## Task details
A stretch of the entries below is to be set down exactly, running from the line with "X241681000Y-108331000D01*" through the line with "X242570000Y-110490000D02*", both included, and no other line.

## Entries shown
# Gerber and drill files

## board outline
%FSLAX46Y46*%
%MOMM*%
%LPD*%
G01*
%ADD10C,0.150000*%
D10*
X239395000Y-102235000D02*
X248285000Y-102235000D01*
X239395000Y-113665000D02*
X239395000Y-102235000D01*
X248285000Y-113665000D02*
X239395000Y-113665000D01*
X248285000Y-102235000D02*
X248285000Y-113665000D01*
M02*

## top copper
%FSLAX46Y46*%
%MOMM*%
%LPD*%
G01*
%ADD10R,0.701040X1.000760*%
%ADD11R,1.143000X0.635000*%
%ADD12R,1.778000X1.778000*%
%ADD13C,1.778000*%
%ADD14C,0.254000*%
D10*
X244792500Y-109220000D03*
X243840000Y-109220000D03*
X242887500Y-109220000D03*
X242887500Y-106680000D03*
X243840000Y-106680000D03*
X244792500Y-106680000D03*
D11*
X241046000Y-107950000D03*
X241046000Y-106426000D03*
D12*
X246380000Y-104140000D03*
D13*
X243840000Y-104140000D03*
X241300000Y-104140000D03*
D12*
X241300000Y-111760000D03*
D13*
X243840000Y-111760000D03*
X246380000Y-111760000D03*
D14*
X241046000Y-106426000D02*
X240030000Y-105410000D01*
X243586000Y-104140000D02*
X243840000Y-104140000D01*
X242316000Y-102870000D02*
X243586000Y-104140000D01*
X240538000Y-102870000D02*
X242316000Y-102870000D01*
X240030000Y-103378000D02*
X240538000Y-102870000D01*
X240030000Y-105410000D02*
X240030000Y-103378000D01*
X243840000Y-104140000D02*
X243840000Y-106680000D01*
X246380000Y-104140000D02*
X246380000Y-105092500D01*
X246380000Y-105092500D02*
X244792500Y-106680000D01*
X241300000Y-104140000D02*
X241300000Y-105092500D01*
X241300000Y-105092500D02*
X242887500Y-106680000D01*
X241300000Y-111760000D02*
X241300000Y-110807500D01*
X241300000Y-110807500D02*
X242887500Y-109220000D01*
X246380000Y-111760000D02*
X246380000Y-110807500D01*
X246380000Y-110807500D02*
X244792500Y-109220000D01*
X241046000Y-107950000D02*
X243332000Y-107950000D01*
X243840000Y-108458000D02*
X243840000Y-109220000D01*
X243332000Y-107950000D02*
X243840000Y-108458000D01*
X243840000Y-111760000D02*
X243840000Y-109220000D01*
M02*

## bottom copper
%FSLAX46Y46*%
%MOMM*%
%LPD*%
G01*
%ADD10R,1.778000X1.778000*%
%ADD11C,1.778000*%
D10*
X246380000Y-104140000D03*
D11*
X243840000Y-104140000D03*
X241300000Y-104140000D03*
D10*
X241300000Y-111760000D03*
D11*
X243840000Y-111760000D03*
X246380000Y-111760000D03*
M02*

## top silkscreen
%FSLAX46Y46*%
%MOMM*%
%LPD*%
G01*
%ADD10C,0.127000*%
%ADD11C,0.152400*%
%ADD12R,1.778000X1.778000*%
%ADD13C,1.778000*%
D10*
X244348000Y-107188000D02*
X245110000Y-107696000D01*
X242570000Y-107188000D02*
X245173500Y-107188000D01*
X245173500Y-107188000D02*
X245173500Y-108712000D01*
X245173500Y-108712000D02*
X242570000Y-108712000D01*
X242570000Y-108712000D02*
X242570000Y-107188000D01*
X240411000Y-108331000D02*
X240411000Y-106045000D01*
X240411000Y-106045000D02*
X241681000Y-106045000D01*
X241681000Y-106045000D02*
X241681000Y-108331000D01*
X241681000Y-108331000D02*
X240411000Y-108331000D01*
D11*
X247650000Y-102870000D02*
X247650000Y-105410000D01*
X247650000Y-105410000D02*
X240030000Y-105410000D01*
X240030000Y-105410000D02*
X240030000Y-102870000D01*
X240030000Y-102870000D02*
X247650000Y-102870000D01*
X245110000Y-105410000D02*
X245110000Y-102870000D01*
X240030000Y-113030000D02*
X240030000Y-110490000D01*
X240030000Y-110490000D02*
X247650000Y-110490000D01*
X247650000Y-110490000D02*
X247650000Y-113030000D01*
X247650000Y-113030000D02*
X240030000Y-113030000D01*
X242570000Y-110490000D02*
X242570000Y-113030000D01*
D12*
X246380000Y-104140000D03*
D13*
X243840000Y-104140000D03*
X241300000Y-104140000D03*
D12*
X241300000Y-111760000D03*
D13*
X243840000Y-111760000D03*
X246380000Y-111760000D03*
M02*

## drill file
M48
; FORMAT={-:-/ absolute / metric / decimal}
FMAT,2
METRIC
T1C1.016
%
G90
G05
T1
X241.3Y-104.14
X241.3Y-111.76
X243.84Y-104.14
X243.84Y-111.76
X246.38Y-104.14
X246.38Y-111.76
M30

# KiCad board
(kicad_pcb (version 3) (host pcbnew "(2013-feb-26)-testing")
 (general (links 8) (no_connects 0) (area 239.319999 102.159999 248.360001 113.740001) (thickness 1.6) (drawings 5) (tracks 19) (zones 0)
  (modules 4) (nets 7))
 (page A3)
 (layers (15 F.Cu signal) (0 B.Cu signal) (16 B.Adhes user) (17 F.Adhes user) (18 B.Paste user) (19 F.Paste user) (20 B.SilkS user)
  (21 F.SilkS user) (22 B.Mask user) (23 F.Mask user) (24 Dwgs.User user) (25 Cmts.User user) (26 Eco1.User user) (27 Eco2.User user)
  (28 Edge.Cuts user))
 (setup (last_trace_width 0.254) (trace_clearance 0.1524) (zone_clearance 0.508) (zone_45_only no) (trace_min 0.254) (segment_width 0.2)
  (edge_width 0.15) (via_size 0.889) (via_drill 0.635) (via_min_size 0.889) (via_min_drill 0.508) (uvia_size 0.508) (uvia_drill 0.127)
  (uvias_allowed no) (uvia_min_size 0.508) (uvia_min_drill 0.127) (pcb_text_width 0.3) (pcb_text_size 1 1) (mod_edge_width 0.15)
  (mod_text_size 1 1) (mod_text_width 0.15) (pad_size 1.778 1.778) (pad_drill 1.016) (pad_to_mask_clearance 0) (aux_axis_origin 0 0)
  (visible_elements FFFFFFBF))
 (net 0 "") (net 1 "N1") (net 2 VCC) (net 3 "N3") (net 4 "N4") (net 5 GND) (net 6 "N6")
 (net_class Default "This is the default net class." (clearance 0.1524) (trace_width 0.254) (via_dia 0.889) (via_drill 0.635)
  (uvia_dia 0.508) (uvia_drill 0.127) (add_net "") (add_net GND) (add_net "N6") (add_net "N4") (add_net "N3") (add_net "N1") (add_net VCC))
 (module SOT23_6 (layer F.Cu) (at 243.84 107.95 180)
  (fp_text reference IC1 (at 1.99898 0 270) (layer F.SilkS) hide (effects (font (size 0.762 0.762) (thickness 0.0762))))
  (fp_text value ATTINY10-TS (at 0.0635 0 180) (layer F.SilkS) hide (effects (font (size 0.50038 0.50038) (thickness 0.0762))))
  (fp_line (start -0.508 0.762) (end -1.27 0.254) (layer F.SilkS) (width 0.127))
  (fp_line (start 1.27 0.762) (end -1.3335 0.762) (layer F.SilkS) (width 0.127))
  (fp_line (start -1.3335 0.762) (end -1.3335 -0.762) (layer F.SilkS) (width 0.127))
  (fp_line (start -1.3335 -0.762) (end 1.27 -0.762) (layer F.SilkS) (width 0.127))
  (fp_line (start 1.27 -0.762) (end 1.27 0.762) (layer F.SilkS) (width 0.127))
  (pad 6 smd rect (at -0.9525 -1.27 180) (size 0.70104 1.00076) (layers F.Cu F.Paste F.Mask) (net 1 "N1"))
  (pad 5 smd rect (at 0 -1.27 180) (size 0.70104 1.00076) (layers F.Cu F.Paste F.Mask) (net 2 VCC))
  (pad 4 smd rect (at 0.9525 -1.27 180) (size 0.70104 1.00076) (layers F.Cu F.Paste F.Mask) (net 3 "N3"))
  (pad 3 smd rect (at 0.9525 1.27 180) (size 0.70104 1.00076) (layers F.Cu F.Paste F.Mask) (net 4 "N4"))
  (pad 2 smd rect (at 0 1.27 180) (size 0.70104 1.00076) (layers F.Cu F.Paste F.Mask) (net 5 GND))
  (pad 1 smd rect (at -0.9525 1.27 180) (size 0.70104 1.00076) (layers F.Cu F.Paste F.Mask) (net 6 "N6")))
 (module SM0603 (layer F.Cu) (at 241.046 107.188 90)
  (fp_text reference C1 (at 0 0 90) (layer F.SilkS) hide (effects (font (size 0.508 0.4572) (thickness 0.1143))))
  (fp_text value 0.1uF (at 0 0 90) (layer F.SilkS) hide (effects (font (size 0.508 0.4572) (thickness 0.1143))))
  (fp_line (start -1.143 -0.635) (end 1.143 -0.635) (layer F.SilkS) (width 0.127))
  (fp_line (start 1.143 -0.635) (end 1.143 0.635) (layer F.SilkS) (width 0.127))
  (fp_line (start 1.143 0.635) (end -1.143 0.635) (layer F.SilkS) (width 0.127))
  (fp_line (start -1.143 0.635) (end -1.143 -0.635) (layer F.SilkS) (width 0.127))
  (pad 1 smd rect (at -0.762 0 90) (size 0.635 1.143) (layers F.Cu F.Paste F.Mask) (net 2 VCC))
  (pad 2 smd rect (at 0.762 0 90) (size 0.635 1.143) (layers F.Cu F.Paste F.Mask) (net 5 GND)))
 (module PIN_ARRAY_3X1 (layer F.Cu) (at 243.84 104.14 180)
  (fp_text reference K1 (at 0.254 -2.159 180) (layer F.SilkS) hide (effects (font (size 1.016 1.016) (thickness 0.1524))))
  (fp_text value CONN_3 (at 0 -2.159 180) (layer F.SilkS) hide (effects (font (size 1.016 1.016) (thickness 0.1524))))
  (fp_line (start -3.81 1.27) (end -3.81 -1.27) (layer F.SilkS) (width 0.1524))
  (fp_line (start -3.81 -1.27) (end 3.81 -1.27) (layer F.SilkS) (width 0.1524))
  (fp_line (start 3.81 -1.27) (end 3.81 1.27) (layer F.SilkS) (width 0.1524))
  (fp_line (start 3.81 1.27) (end -3.81 1.27) (layer F.SilkS) (width 0.1524))
  (fp_line (start -1.27 -1.27) (end -1.27 1.27) (layer F.SilkS) (width 0.1524))
  (pad 1 thru_hole rect (at -2.54 0 180) (size 1.778 1.778) (drill 1.016) (layers *.Cu *.Mask F.SilkS) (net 6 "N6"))
  (pad 2 thru_hole circle (at 0 0 180) (size 1.778 1.778) (drill 1.016) (layers *.Cu *.Mask F.SilkS) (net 5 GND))
  (pad 3 thru_hole circle (at 2.54 0 180) (size 1.778 1.778) (drill 1.016) (layers *.Cu *.Mask F.SilkS) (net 4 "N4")))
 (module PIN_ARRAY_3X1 (layer F.Cu) (at 243.84 111.76)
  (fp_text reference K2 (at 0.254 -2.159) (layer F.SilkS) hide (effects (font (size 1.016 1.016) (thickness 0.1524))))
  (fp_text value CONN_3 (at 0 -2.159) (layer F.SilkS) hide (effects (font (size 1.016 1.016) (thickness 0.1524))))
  (fp_line (start -3.81 1.27) (end -3.81 -1.27) (layer F.SilkS) (width 0.1524))
  (fp_line (start -3.81 -1.27) (end 3.81 -1.27) (layer F.SilkS) (width 0.1524))
  (fp_line (start 3.81 -1.27) (end 3.81 1.27) (layer F.SilkS) (width 0.1524))
  (fp_line (start 3.81 1.27) (end -3.81 1.27) (layer F.SilkS) (width 0.1524))
  (fp_line (start -1.27 -1.27) (end -1.27 1.27) (layer F.SilkS) (width 0.1524))
  (pad 1 thru_hole rect (at -2.54 0) (size 1.778 1.778) (drill 1.016) (layers *.Cu *.Mask F.SilkS) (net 3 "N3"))
  (pad 2 thru_hole circle (at 0 0) (size 1.778 1.778) (drill 1.016) (layers *.Cu *.Mask F.SilkS) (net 2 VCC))
  (pad 3 thru_hole circle (at 2.54 0) (size 1.778 1.778) (drill 1.016) (layers *.Cu *.Mask F.SilkS) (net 1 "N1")))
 (gr_line (start 239.395 102.235) (end 248.285 102.235) (angle 90) (layer Edge.Cuts) (width 0.15))
 (gr_line (start 239.395 113.665) (end 239.395 102.235) (angle 90) (layer Edge.Cuts) (width 0.15))
 (gr_line (start 248.285 113.665) (end 239.395 113.665) (angle 90) (layer Edge.Cuts) (width 0.15))
 (gr_line (start 248.285 102.235) (end 248.285 113.665) (angle 90) (layer Edge.Cuts) (width 0.15))
 (segment (start 241.046 106.426) (end 240.03 105.41) (width 0.254) (layer F.Cu) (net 5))
 (segment (start 243.586 104.14) (end 243.84 104.14) (width 0.254) (layer F.Cu) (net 5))
 (segment (start 242.316 102.87) (end 243.586 104.14) (width 0.254) (layer F.Cu) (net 5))
 (segment (start 240.538 102.87) (end 242.316 102.87) (width 0.254) (layer F.Cu) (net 5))
 (segment (start 240.03 103.378) (end 240.538 102.87) (width 0.254) (layer F.Cu) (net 5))
 (segment (start 240.03 105.41) (end 240.03 103.378) (width 0.254) (layer F.Cu) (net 5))
 (segment (start 243.84 104.14) (end 243.84 106.68) (width 0.254) (layer F.Cu) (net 5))
 (segment (start 246.38 104.14) (end 246.38 105.0925) (width 0.254) (layer F.Cu) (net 6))
 (segment (start 246.38 105.0925) (end 244.7925 106.68) (width 0.254) (layer F.Cu) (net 6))
 (segment (start 241.3 104.14) (end 241.3 105.0925) (width 0.254) (layer F.Cu) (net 4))
 (segment (start 241.3 105.0925) (end 242.8875 106.68) (width 0.254) (layer F.Cu) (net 4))
 (segment (start 241.3 111.76) (end 241.3 110.8075) (width 0.254) (layer F.Cu) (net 3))
 (segment (start 241.3 110.8075) (end 242.8875 109.22) (width 0.254) (layer F.Cu) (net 3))
 (segment (start 246.38 111.76) (end 246.38 110.8075) (width 0.254) (layer F.Cu) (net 1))
 (segment (start 246.38 110.8075) (end 244.7925 109.22) (width 0.254) (layer F.Cu) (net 1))
 (segment (start 241.046 107.95) (end 243.332 107.95) (width 0.254) (layer F.Cu) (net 2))
 (segment (start 243.84 108.458) (end 243.84 109.22) (width 0.254) (layer F.Cu) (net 2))
 (segment (start 243.332 107.95) (end 243.84 108.458) (width 0.254) (layer F.Cu) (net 2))
 (segment (start 243.84 111.76) (end 243.84 109.22) (width 0.254) (layer F.Cu) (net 2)))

## Solved problem
X241681000Y-108331000D01*
X241681000Y-108331000D02*
X240411000Y-108331000D01*
D11*
X247650000Y-102870000D02*
X247650000Y-105410000D01*
X247650000Y-105410000D02*
X240030000Y-105410000D01*
X240030000Y-105410000D02*
X240030000Y-102870000D01*
X240030000Y-102870000D02*
X247650000Y-102870000D01*
X245110000Y-105410000D02*
X245110000Y-102870000D01*
X240030000Y-113030000D02*
X240030000Y-110490000D01*
X240030000Y-110490000D02*
X247650000Y-110490000D01*
X247650000Y-110490000D02*
X247650000Y-113030000D01*
X247650000Y-113030000D02*
X240030000Y-113030000D01*
X242570000Y-110490000D02*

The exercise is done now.